_Data for the task_
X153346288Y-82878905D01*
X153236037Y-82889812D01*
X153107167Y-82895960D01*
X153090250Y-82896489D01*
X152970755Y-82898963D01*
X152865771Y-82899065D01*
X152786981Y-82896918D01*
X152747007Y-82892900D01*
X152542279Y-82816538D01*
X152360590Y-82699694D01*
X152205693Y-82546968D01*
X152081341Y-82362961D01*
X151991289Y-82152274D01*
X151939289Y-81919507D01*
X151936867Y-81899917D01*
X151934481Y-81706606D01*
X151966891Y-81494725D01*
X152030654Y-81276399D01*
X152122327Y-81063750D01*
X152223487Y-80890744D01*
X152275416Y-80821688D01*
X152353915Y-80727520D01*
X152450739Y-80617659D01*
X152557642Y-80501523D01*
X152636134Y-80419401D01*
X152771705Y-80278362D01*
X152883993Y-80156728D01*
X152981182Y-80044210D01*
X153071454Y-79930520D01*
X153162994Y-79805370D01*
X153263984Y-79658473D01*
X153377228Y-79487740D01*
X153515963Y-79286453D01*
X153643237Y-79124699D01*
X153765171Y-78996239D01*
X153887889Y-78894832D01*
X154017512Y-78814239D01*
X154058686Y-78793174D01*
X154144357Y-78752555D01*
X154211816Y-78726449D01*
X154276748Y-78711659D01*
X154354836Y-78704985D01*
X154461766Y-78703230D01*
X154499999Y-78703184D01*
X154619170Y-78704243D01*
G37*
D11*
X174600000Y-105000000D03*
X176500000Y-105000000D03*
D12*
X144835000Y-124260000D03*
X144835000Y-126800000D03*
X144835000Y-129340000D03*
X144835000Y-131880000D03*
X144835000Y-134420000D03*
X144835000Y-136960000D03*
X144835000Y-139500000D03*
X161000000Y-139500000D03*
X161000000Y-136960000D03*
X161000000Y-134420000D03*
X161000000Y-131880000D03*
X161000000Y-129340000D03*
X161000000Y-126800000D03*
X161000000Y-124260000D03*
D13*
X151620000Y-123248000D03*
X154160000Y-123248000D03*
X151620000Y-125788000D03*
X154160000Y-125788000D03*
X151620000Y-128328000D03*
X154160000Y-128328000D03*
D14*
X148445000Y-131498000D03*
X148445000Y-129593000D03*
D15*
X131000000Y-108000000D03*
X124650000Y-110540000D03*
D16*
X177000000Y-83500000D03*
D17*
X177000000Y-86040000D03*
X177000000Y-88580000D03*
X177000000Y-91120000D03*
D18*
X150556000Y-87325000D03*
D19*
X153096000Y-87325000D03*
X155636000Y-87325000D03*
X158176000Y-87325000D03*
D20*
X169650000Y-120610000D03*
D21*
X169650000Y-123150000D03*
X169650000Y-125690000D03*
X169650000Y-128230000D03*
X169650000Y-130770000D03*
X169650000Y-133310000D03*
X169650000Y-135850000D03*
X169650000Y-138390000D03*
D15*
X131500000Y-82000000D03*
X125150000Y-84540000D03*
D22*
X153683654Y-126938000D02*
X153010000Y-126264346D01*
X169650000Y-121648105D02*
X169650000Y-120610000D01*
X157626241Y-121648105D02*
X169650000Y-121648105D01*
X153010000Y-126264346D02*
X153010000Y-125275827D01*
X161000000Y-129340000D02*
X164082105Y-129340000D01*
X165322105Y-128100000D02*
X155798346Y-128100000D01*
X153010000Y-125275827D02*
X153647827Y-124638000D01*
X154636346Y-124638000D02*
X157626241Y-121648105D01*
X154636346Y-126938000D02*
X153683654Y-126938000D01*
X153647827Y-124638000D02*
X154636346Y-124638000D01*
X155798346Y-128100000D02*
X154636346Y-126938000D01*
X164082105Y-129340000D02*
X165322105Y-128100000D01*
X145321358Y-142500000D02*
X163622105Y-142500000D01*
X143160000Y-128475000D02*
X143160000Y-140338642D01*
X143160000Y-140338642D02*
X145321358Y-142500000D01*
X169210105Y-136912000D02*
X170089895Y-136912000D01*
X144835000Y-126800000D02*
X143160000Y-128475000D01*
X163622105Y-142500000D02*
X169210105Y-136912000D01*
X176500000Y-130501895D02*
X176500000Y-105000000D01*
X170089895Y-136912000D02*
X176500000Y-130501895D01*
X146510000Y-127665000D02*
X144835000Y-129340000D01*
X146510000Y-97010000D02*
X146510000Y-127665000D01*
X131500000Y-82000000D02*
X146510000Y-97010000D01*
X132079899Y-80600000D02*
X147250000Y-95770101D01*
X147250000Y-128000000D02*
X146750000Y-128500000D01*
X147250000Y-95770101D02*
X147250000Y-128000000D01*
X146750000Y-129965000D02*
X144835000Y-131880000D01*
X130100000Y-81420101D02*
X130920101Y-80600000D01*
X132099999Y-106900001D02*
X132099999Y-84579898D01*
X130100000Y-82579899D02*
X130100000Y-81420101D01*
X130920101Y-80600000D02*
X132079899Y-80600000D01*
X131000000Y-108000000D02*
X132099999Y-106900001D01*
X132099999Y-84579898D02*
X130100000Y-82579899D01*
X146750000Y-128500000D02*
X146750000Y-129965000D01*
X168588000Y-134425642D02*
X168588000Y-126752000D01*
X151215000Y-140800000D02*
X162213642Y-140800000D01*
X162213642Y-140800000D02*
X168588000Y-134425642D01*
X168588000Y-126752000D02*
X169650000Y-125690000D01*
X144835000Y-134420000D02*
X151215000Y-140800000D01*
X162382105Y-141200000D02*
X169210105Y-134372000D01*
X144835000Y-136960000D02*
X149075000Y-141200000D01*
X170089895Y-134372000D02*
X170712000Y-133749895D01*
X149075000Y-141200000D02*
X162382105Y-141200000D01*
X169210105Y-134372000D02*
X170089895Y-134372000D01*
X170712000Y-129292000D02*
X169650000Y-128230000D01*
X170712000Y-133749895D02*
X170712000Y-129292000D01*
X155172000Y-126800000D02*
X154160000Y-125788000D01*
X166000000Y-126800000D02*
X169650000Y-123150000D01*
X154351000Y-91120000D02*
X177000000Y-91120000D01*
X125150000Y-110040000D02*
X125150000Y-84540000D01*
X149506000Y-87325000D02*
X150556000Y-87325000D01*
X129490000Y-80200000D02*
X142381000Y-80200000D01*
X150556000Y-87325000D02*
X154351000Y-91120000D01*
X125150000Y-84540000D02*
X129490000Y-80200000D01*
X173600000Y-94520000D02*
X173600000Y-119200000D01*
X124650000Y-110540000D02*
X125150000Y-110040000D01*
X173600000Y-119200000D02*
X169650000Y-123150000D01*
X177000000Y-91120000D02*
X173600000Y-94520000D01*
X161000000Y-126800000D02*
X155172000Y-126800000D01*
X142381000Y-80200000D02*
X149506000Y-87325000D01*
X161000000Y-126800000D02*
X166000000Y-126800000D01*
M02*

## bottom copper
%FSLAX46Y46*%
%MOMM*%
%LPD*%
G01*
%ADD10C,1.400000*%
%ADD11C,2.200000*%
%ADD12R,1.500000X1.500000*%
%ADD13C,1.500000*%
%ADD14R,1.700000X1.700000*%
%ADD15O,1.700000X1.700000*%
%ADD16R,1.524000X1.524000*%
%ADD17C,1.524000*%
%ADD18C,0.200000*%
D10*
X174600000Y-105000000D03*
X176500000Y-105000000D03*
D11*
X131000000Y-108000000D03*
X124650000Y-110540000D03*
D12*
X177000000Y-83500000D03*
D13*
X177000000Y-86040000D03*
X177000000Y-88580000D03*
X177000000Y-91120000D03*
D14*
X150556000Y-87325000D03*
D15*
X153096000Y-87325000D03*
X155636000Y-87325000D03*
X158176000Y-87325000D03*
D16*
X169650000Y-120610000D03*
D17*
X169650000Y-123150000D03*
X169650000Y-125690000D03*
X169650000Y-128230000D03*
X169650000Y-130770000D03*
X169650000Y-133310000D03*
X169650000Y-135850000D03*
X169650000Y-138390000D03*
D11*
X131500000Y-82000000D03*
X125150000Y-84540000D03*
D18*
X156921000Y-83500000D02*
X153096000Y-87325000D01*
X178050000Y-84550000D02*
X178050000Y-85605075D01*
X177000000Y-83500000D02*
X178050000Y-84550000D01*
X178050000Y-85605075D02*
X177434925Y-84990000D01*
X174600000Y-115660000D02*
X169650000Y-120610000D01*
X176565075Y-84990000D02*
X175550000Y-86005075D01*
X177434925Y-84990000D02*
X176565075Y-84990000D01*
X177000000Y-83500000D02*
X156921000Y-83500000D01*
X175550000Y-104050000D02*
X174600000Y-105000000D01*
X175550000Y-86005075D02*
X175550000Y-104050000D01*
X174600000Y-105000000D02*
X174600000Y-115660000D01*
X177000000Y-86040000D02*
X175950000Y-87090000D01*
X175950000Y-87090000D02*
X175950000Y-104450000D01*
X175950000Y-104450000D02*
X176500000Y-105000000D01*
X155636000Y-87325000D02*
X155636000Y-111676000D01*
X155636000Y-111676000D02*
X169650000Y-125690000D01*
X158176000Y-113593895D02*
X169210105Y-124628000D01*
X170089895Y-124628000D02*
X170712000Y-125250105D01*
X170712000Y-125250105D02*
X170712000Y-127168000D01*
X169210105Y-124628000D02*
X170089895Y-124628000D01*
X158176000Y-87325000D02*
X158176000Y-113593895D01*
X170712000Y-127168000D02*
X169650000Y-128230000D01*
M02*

_Task goal_
Transcribe only the lines from the beginning of the entries to the line with "X151966891Y-81494725D01*", inclusive, exactly as written.

_Completed exercise_
X153346288Y-82878905D01*
X153236037Y-82889812D01*
X153107167Y-82895960D01*
X153090250Y-82896489D01*
X152970755Y-82898963D01*
X152865771Y-82899065D01*
X152786981Y-82896918D01*
X152747007Y-82892900D01*
X152542279Y-82816538D01*
X152360590Y-82699694D01*
X152205693Y-82546968D01*
X152081341Y-82362961D01*
X151991289Y-82152274D01*
X151939289Y-81919507D01*
X151936867Y-81899917D01*
X151934481Y-81706606D01*
X151966891Y-81494725D01*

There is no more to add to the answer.